Challenge to Ohio's Newest Execution Method Goes to Trial

Ohio's death chamber
Ohio's death chamber
Ohio's newest execution method is either a legal approach to putting condemned killers to death or a process akin to burning inmates at the stake, according to arguments in the latest challenge to capital punishment in the state.

A 4-day trial that began Tuesday in federal court in Dayton focuses on Ohio's updated execution system and a new 3-drug method similar to one used several years ago.

Executions have been on hold in Ohio since January 2014, when death row inmate Dennis McGuire gasped and snorted during the 26 minutes it took him to die.

The state plans to execute Ronald Phillips on Feb. 15 for the rape and death of his girlfriend's 3-year-old daughter in Akron in 1993.

Witnesses before Magistrate Judge Michael Merz will include members of the state execution team, who will not be named and will answer questions while sitting behind courtroom screens.

Lawyers for death row inmates say a 3-drug method, announced last year, is worse than a similar procedure used years ago. They say multiple problems remain with the way the state prepares and carries out executions.

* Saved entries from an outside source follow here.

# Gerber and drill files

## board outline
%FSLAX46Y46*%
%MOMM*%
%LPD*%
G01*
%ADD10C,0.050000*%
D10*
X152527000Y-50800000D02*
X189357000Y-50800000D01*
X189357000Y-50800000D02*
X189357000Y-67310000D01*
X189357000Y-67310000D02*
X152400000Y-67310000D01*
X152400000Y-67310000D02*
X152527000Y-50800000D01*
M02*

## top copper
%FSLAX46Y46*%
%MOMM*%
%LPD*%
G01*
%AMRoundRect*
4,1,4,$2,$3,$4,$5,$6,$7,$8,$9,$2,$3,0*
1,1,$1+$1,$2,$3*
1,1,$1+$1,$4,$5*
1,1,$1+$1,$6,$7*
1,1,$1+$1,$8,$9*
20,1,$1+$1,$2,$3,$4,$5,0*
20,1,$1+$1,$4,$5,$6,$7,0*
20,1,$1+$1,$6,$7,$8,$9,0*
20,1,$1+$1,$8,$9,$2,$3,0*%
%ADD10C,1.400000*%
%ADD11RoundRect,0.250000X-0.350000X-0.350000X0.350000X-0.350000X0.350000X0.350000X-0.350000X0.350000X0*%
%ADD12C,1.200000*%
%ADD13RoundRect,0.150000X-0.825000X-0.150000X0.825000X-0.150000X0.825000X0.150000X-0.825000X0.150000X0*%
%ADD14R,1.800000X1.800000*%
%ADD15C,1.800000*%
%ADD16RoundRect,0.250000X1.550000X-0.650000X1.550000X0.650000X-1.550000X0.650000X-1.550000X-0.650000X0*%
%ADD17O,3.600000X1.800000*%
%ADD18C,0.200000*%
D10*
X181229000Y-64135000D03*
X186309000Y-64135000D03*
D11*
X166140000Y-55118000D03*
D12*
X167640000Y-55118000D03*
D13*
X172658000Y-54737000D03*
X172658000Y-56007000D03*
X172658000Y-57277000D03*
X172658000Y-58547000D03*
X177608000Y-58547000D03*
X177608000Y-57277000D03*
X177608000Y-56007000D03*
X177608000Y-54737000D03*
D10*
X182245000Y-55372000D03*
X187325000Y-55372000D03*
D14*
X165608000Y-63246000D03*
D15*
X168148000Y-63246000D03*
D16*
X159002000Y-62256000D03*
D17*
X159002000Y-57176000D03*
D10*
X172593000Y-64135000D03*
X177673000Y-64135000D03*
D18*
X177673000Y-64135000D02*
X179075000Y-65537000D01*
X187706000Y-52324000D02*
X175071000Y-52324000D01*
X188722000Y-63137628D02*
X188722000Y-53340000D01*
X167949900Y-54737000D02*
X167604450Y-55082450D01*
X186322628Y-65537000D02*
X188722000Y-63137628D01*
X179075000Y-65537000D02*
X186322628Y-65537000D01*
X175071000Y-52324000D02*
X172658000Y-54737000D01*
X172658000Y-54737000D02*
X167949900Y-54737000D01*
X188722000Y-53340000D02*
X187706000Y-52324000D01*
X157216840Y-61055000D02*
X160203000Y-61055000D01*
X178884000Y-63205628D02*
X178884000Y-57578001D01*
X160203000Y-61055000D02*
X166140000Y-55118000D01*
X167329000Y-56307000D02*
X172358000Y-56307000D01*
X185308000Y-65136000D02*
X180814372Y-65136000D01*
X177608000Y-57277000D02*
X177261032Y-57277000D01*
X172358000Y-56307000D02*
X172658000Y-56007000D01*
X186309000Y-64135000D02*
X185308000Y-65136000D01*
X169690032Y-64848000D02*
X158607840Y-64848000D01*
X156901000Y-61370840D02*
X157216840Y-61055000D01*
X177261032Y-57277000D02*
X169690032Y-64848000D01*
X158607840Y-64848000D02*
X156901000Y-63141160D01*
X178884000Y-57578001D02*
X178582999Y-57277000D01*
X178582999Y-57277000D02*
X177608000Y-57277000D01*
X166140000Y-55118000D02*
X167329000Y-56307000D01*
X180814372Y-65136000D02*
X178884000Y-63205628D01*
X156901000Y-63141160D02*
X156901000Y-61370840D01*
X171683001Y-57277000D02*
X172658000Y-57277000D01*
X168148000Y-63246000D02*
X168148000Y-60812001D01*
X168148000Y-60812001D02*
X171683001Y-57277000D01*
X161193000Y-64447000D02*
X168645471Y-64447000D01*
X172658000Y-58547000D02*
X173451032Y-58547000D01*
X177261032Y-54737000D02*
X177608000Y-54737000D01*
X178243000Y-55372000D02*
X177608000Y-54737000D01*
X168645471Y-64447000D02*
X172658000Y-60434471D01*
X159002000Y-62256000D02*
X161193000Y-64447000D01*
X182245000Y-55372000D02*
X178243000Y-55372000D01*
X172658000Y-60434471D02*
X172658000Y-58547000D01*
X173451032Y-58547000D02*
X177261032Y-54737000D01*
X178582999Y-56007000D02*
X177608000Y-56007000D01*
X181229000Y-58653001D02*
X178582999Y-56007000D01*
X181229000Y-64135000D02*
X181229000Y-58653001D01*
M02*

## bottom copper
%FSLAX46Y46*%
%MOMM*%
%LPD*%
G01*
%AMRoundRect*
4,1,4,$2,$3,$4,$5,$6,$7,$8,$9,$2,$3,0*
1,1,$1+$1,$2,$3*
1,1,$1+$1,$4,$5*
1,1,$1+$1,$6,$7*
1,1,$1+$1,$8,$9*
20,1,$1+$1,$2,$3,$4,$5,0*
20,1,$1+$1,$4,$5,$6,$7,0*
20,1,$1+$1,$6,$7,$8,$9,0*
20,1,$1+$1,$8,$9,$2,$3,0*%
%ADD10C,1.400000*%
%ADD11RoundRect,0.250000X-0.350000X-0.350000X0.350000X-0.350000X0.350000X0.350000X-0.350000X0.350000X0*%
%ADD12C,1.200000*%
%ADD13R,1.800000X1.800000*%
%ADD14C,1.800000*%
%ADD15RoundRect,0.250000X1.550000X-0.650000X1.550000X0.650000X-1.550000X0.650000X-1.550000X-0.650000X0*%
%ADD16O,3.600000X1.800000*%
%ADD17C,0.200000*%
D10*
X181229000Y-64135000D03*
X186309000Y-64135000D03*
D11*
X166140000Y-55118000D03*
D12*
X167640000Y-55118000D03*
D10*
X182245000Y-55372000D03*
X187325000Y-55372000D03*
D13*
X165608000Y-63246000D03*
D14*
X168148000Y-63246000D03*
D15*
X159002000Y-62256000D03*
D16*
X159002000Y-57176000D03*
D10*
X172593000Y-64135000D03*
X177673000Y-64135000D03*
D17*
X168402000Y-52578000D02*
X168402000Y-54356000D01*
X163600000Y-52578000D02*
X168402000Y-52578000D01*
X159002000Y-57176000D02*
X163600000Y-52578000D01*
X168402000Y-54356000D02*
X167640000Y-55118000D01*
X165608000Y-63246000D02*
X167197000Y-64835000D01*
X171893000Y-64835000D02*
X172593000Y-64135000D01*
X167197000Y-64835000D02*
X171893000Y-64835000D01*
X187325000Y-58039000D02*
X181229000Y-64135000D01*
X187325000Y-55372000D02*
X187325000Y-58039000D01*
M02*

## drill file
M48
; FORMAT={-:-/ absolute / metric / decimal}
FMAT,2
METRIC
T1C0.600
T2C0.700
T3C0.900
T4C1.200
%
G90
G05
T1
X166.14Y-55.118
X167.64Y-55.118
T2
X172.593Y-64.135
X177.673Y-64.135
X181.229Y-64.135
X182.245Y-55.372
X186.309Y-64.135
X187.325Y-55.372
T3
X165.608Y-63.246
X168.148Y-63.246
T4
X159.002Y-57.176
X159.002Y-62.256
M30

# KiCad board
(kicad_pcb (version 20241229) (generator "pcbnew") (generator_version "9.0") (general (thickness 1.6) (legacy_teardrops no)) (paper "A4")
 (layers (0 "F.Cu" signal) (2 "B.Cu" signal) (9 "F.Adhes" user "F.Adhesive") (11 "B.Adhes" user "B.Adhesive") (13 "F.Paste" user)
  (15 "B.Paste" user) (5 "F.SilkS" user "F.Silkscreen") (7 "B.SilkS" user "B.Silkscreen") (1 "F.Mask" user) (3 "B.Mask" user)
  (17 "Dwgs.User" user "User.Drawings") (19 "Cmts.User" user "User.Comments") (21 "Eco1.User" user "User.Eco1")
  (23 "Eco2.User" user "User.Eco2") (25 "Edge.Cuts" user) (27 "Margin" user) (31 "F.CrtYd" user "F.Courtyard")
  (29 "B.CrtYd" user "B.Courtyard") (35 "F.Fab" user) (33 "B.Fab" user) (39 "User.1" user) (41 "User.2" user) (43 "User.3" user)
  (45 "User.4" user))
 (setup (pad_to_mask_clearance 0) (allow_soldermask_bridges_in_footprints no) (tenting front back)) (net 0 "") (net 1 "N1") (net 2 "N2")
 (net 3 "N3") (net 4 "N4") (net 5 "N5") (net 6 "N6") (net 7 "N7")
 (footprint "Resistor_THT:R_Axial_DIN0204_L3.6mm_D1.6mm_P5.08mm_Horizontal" (layer "F.Cu") (at 181.229 64.135)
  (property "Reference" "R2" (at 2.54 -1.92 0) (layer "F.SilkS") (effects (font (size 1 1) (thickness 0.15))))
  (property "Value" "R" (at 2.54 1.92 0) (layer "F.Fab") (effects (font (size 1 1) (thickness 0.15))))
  (pad "1" thru_hole circle (at 0 0) (size 1.4 1.4) (drill 0.7) (layers "*.Cu" "*.Mask") (remove_unused_layers no) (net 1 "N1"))
  (pad "2" thru_hole circle (at 5.08 0) (size 1.4 1.4) (drill 0.7) (layers "*.Cu" "*.Mask") (remove_unused_layers no) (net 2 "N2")))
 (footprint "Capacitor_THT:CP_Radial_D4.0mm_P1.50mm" (layer "F.Cu") (at 166.14 55.118)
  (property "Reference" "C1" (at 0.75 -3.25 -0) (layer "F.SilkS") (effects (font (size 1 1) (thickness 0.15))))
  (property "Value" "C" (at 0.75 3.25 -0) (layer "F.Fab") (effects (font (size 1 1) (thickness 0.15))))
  (pad "1" thru_hole roundrect (at 0 0) (size 1.2 1.2) (drill 0.6) (layers "*.Cu" "*.Mask") (remove_unused_layers no)
   (roundrect_rratio 0.208333) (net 2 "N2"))
  (pad "2" thru_hole circle (at 1.5 0) (size 1.2 1.2) (drill 0.6) (layers "*.Cu" "*.Mask") (remove_unused_layers no) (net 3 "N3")))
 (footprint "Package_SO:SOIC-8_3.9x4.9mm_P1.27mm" (layer "F.Cu") (at 175.133 56.642)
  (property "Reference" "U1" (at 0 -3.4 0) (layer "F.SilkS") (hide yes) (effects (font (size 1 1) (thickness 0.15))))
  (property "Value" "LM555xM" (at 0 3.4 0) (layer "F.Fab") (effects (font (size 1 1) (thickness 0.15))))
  (pad "1" smd roundrect (at -2.475 -1.905) (size 1.95 0.6) (layers "F.Cu" "F.Mask" "F.Paste") (roundrect_rratio 0.25) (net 3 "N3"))
  (pad "2" smd roundrect (at -2.475 -0.635) (size 1.95 0.6) (layers "F.Cu" "F.Mask" "F.Paste") (roundrect_rratio 0.25) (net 2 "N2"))
  (pad "3" smd roundrect (at -2.475 0.635) (size 1.95 0.6) (layers "F.Cu" "F.Mask" "F.Paste") (roundrect_rratio 0.25) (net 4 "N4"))
  (pad "4" smd roundrect (at -2.475 1.905) (size 1.95 0.6) (layers "F.Cu" "F.Mask" "F.Paste") (roundrect_rratio 0.25) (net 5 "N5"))
  (pad "5" smd roundrect (at 2.475 1.905) (size 1.95 0.6) (layers "F.Cu" "F.Mask" "F.Paste") (roundrect_rratio 0.25) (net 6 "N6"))
  (pad "6" smd roundrect (at 2.475 0.635) (size 1.95 0.6) (layers "F.Cu" "F.Mask" "F.Paste") (roundrect_rratio 0.25) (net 2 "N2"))
  (pad "7" smd roundrect (at 2.475 -0.635) (size 1.95 0.6) (layers "F.Cu" "F.Mask" "F.Paste") (roundrect_rratio 0.25) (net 1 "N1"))
  (pad "8" smd roundrect (at 2.475 -1.905) (size 1.95 0.6) (layers "F.Cu" "F.Mask" "F.Paste") (roundrect_rratio 0.25) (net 5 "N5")))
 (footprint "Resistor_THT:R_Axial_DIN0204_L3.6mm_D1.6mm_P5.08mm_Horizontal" (layer "F.Cu") (at 182.245 55.372)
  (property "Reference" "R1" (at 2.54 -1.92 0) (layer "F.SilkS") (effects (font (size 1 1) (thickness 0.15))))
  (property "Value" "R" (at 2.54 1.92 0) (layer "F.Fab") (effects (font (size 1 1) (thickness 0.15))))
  (pad "1" thru_hole circle (at 0 0) (size 1.4 1.4) (drill 0.7) (layers "*.Cu" "*.Mask") (remove_unused_layers no) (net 5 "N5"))
  (pad "2" thru_hole circle (at 5.08 0) (size 1.4 1.4) (drill 0.7) (layers "*.Cu" "*.Mask") (remove_unused_layers no) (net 1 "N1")))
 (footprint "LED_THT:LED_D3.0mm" (layer "F.Cu") (at 165.608 63.246)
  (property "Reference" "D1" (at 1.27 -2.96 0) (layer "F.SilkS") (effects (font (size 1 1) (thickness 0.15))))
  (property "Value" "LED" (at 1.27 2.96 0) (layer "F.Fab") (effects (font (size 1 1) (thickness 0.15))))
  (pad "1" thru_hole rect (at 0 0) (size 1.8 1.8) (drill 0.9) (layers "*.Cu" "*.Mask") (remove_unused_layers no) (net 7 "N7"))
  (pad "2" thru_hole circle (at 2.54 0) (size 1.8 1.8) (drill 0.9) (layers "*.Cu" "*.Mask") (remove_unused_layers no) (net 4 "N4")))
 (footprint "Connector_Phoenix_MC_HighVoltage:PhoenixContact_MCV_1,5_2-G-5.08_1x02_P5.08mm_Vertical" (layer "F.Cu") (at 159.002 62.256 90)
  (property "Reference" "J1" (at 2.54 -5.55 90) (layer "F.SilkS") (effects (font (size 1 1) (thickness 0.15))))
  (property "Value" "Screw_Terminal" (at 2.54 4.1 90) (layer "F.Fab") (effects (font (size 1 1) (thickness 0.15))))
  (pad "1" thru_hole roundrect (at 0 0 90) (size 1.8 3.6) (drill 1.2) (layers "*.Cu" "*.Mask") (remove_unused_layers no)
   (roundrect_rratio 0.138889) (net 5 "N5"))
  (pad "2" thru_hole oval (at 5.08 0 90) (size 1.8 3.6) (drill 1.2) (layers "*.Cu" "*.Mask") (remove_unused_layers no) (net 3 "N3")))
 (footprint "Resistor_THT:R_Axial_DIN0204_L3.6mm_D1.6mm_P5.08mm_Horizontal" (layer "F.Cu") (at 172.593 64.135)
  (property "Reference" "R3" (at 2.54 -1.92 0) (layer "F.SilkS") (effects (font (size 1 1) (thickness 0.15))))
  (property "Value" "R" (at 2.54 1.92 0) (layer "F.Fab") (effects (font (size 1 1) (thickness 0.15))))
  (pad "1" thru_hole circle (at 0 0) (size 1.4 1.4) (drill 0.7) (layers "*.Cu" "*.Mask") (remove_unused_layers no) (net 7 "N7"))
  (pad "2" thru_hole circle (at 5.08 0) (size 1.4 1.4) (drill 0.7) (layers "*.Cu" "*.Mask") (remove_unused_layers no) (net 3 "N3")))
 (gr_line (start 152.527 50.8) (end 189.357 50.8) (stroke (width 0.05) (type default)) (layer "Edge.Cuts"))
 (gr_line (start 189.357 50.8) (end 189.357 67.31) (stroke (width 0.05) (type default)) (layer "Edge.Cuts"))
 (gr_line (start 189.357 67.31) (end 152.4 67.31) (stroke (width 0.05) (type default)) (layer "Edge.Cuts"))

In a court filing, the attorneys say the 1st drug in the process - midazolam - is unlikely to relieve an inmate's pain. The drug, which is meant to sedate inmates, was used in executions in Arizona and Ohio in 2014 that turned out to be problematic. But last year, the U.S. Supreme Court upheld the use of midazolam in a case out of Oklahoma.

According to the filing, because midazolam is not a barbiturate and cannot relieve pain, inmates are likely to experience "severe physical pain," mental suffering and anguish. As a result, "such an execution would be inhuman and barbarous, akin in its level of pain and suffering to being buried alive, burning at the stake, and other primitive methods long since abandoned by civilized society," the filing last fall said.

The state used a 2-drug method with McGuire, beginning with midazolam, but then discontinued it. Afterward, Ohio struggled to find new supplies of drugs since they were placed off limits for executions by drugmakers.

The prisons agency now says it will use midazolam; rocuronium bromide, which causes paralysis; and potassium chloride, which stops the heart. But the state hasn't said where it got the drugs.

The state says the method is similar to Ohio's past execution process, which all survived court challenges. State attorneys also say the U.S. Supreme Court ruling last year makes clear that the use of midazolam is allowable.

"The Eighth Amendment does not prevent Ohio from adopting a new method of execution, or returning to a previously used one, particularly when changes in the availability of drugs necessitate such a change," state attorneys said in a filing last fall.